- _TRY IT_
Nothing is needed except the lines below that run from the one with "(user_via 0.7 0.5)" through the one with "0.5) (thickness 0.05))))", repeated exactly.

[DATA FOR THE TASK Boundary: Start]

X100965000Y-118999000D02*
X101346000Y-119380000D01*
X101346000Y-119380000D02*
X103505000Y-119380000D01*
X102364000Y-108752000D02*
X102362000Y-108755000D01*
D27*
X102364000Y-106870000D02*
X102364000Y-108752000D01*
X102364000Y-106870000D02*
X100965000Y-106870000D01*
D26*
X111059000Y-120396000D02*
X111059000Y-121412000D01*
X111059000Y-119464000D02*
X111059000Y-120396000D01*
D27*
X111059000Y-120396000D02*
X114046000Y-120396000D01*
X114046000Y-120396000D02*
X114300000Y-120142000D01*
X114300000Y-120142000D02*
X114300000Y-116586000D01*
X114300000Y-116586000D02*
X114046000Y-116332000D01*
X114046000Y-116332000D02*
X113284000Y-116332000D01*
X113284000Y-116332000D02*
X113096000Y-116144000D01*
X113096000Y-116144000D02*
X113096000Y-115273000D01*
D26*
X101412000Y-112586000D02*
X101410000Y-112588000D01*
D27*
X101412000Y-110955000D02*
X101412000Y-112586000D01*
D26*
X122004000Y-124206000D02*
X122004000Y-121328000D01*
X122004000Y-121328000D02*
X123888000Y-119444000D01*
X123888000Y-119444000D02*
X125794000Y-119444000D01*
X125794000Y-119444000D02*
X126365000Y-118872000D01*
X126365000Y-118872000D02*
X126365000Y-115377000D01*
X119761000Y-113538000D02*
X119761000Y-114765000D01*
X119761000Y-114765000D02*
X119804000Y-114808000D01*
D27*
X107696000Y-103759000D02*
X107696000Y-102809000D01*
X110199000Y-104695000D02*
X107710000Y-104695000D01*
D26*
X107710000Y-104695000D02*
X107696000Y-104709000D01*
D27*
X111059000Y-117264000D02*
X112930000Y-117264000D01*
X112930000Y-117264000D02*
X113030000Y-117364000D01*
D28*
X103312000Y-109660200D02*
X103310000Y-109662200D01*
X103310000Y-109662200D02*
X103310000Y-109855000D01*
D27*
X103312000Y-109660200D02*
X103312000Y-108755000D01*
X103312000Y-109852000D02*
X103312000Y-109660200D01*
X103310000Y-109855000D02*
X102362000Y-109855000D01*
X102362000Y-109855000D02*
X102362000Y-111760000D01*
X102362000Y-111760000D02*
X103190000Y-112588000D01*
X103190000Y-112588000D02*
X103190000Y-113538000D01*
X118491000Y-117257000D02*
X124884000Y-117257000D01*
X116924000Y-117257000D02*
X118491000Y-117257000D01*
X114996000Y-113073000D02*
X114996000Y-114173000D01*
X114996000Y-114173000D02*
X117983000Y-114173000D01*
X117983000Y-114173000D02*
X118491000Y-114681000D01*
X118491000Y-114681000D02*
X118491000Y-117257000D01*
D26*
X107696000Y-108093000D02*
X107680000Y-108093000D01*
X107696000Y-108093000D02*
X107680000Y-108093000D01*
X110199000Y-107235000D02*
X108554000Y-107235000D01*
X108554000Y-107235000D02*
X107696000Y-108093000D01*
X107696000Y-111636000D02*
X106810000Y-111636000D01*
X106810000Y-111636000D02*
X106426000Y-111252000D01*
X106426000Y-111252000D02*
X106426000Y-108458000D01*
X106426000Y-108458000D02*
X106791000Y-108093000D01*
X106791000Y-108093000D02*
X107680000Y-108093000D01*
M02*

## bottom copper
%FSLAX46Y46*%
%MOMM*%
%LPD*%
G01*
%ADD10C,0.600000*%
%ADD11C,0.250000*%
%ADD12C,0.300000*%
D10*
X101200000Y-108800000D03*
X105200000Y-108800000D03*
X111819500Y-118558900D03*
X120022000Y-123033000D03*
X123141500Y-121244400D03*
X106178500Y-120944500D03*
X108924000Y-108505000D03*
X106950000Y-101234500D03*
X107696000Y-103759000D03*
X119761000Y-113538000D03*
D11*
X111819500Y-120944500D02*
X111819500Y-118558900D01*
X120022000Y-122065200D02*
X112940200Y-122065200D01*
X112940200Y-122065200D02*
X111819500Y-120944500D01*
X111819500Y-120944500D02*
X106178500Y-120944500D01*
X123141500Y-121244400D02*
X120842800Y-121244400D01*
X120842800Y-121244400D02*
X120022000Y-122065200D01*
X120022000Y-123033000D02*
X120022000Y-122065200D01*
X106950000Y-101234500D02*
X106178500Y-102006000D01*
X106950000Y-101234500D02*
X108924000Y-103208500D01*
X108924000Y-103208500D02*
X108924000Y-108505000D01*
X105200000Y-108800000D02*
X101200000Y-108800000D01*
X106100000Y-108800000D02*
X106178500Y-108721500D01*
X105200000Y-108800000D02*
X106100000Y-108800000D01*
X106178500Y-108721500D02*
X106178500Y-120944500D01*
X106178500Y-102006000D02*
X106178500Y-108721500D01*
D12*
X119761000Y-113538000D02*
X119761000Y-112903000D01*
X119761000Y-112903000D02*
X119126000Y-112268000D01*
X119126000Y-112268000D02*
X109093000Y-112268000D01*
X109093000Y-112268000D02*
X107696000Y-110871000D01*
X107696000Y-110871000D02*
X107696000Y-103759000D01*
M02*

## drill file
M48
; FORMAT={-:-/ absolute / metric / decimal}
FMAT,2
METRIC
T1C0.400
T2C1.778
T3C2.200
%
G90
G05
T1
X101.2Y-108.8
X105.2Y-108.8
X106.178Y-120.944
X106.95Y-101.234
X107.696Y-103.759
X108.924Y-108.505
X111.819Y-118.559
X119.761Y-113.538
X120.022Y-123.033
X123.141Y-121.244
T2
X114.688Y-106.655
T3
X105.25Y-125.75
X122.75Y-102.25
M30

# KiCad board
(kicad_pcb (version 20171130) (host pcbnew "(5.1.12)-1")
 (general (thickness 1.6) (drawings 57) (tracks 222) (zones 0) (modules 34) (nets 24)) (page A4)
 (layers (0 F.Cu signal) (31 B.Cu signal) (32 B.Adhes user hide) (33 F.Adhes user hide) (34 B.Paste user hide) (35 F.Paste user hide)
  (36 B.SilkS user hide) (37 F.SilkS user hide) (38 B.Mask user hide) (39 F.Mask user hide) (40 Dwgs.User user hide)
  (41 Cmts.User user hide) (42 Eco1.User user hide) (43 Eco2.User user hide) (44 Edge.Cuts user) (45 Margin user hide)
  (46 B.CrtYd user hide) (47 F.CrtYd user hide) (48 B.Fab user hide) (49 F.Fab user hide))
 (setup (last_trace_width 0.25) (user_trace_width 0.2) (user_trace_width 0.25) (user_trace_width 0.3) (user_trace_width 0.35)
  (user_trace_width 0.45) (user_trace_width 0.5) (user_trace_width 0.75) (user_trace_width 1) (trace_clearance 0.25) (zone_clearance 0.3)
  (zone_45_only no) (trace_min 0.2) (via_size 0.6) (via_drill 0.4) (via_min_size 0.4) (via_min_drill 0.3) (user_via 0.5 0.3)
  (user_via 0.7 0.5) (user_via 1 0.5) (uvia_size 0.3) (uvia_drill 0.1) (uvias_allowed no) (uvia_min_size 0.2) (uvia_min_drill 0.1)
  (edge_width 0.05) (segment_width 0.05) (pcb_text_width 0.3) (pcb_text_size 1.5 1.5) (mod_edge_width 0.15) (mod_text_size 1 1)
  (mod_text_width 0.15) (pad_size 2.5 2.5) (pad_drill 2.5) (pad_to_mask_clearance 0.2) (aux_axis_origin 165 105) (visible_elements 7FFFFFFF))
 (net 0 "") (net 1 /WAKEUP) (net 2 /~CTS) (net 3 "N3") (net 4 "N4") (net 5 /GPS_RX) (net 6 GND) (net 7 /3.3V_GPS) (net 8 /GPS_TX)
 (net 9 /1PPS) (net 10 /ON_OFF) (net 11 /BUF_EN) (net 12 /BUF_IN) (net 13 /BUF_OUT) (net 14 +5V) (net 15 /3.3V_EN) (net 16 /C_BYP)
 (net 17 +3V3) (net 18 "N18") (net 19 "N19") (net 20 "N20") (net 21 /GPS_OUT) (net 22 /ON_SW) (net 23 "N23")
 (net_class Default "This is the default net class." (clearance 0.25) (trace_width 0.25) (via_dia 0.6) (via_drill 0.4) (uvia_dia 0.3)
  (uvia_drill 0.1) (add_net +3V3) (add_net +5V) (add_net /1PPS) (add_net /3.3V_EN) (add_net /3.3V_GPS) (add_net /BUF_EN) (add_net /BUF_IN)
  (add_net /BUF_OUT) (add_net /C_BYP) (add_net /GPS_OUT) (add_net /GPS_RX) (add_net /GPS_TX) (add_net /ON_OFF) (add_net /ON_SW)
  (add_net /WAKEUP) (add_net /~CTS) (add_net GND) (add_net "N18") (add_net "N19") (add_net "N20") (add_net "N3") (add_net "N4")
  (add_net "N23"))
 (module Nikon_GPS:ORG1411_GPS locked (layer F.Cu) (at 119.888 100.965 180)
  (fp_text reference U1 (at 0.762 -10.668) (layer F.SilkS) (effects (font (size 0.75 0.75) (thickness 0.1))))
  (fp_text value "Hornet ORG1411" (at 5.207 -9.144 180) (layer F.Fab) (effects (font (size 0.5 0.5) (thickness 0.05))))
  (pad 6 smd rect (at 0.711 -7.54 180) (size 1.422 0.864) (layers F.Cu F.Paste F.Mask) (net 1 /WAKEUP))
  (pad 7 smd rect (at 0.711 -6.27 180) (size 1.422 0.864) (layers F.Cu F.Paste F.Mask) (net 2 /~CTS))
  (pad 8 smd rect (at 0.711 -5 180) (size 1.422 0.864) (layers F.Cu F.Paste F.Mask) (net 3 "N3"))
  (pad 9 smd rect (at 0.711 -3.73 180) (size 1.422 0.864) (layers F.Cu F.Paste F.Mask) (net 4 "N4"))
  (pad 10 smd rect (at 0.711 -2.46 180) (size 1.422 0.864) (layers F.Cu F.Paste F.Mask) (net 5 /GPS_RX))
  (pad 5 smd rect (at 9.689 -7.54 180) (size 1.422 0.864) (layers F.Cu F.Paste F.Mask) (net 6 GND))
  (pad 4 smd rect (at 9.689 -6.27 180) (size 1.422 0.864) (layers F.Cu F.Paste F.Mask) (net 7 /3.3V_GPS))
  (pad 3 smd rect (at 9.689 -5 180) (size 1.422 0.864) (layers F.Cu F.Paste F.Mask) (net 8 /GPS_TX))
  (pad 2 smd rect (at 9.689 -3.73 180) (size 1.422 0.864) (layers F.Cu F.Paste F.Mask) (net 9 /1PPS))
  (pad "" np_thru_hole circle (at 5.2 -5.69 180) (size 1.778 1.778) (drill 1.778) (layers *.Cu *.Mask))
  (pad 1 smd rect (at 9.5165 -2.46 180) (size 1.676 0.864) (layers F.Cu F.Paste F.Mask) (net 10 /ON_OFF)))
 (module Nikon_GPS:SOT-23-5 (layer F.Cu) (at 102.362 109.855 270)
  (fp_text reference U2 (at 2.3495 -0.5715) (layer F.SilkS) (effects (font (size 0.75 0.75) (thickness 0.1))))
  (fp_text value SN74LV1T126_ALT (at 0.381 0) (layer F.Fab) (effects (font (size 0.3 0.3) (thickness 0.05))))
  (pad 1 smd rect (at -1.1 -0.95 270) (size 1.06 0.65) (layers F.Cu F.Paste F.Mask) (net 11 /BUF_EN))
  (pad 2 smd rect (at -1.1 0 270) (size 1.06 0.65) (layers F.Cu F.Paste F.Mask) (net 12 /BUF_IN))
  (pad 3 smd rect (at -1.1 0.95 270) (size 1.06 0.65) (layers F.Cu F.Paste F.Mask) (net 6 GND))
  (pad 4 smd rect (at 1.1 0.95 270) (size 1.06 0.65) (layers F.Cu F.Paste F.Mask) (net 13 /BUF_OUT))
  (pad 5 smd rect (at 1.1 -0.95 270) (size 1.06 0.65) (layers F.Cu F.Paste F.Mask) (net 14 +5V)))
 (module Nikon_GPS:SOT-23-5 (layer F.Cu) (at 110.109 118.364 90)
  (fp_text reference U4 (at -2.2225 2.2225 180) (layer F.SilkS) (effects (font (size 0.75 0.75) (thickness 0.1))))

[DATA FOR THE TASK Boundary: End]

- _FINISHED TASK_
  (user_via 0.7 0.5) (user_via 1 0.5) (uvia_size 0.3) (uvia_drill 0.1) (uvias_allowed no) (uvia_min_size 0.2) (uvia_min_drill 0.1)
  (edge_width 0.05) (segment_width 0.05) (pcb_text_width 0.3) (pcb_text_size 1.5 1.5) (mod_edge_width 0.15) (mod_text_size 1 1)
  (mod_text_width 0.15) (pad_size 2.5 2.5) (pad_drill 2.5) (pad_to_mask_clearance 0.2) (aux_axis_origin 165 105) (visible_elements 7FFFFFFF))
 (net 0 "") (net 1 /WAKEUP) (net 2 /~CTS) (net 3 "N3") (net 4 "N4") (net 5 /GPS_RX) (net 6 GND) (net 7 /3.3V_GPS) (net 8 /GPS_TX)
 (net 9 /1PPS) (net 10 /ON_OFF) (net 11 /BUF_EN) (net 12 /BUF_IN) (net 13 /BUF_OUT) (net 14 +5V) (net 15 /3.3V_EN) (net 16 /C_BYP)
 (net 17 +3V3) (net 18 "N18") (net 19 "N19") (net 20 "N20") (net 21 /GPS_OUT) (net 22 /ON_SW) (net 23 "N23")
 (net_class Default "This is the default net class." (clearance 0.25) (trace_width 0.25) (via_dia 0.6) (via_drill 0.4) (uvia_dia 0.3)
  (uvia_drill 0.1) (add_net +3V3) (add_net +5V) (add_net /1PPS) (add_net /3.3V_EN) (add_net /3.3V_GPS) (add_net /BUF_EN) (add_net /BUF_IN)
  (add_net /BUF_OUT) (add_net /C_BYP) (add_net /GPS_OUT) (add_net /GPS_RX) (add_net /GPS_TX) (add_net /ON_OFF) (add_net /ON_SW)
  (add_net /WAKEUP) (add_net /~CTS) (add_net GND) (add_net "N18") (add_net "N19") (add_net "N20") (add_net "N3") (add_net "N4")
  (add_net "N23"))
 (module Nikon_GPS:ORG1411_GPS locked (layer F.Cu) (at 119.888 100.965 180)
  (fp_text reference U1 (at 0.762 -10.668) (layer F.SilkS) (effects (font (size 0.75 0.75) (thickness 0.1))))
  (fp_text value "Hornet ORG1411" (at 5.207 -9.144 180) (layer F.Fab) (effects (font (size 0.5 0.5) (thickness 0.05))))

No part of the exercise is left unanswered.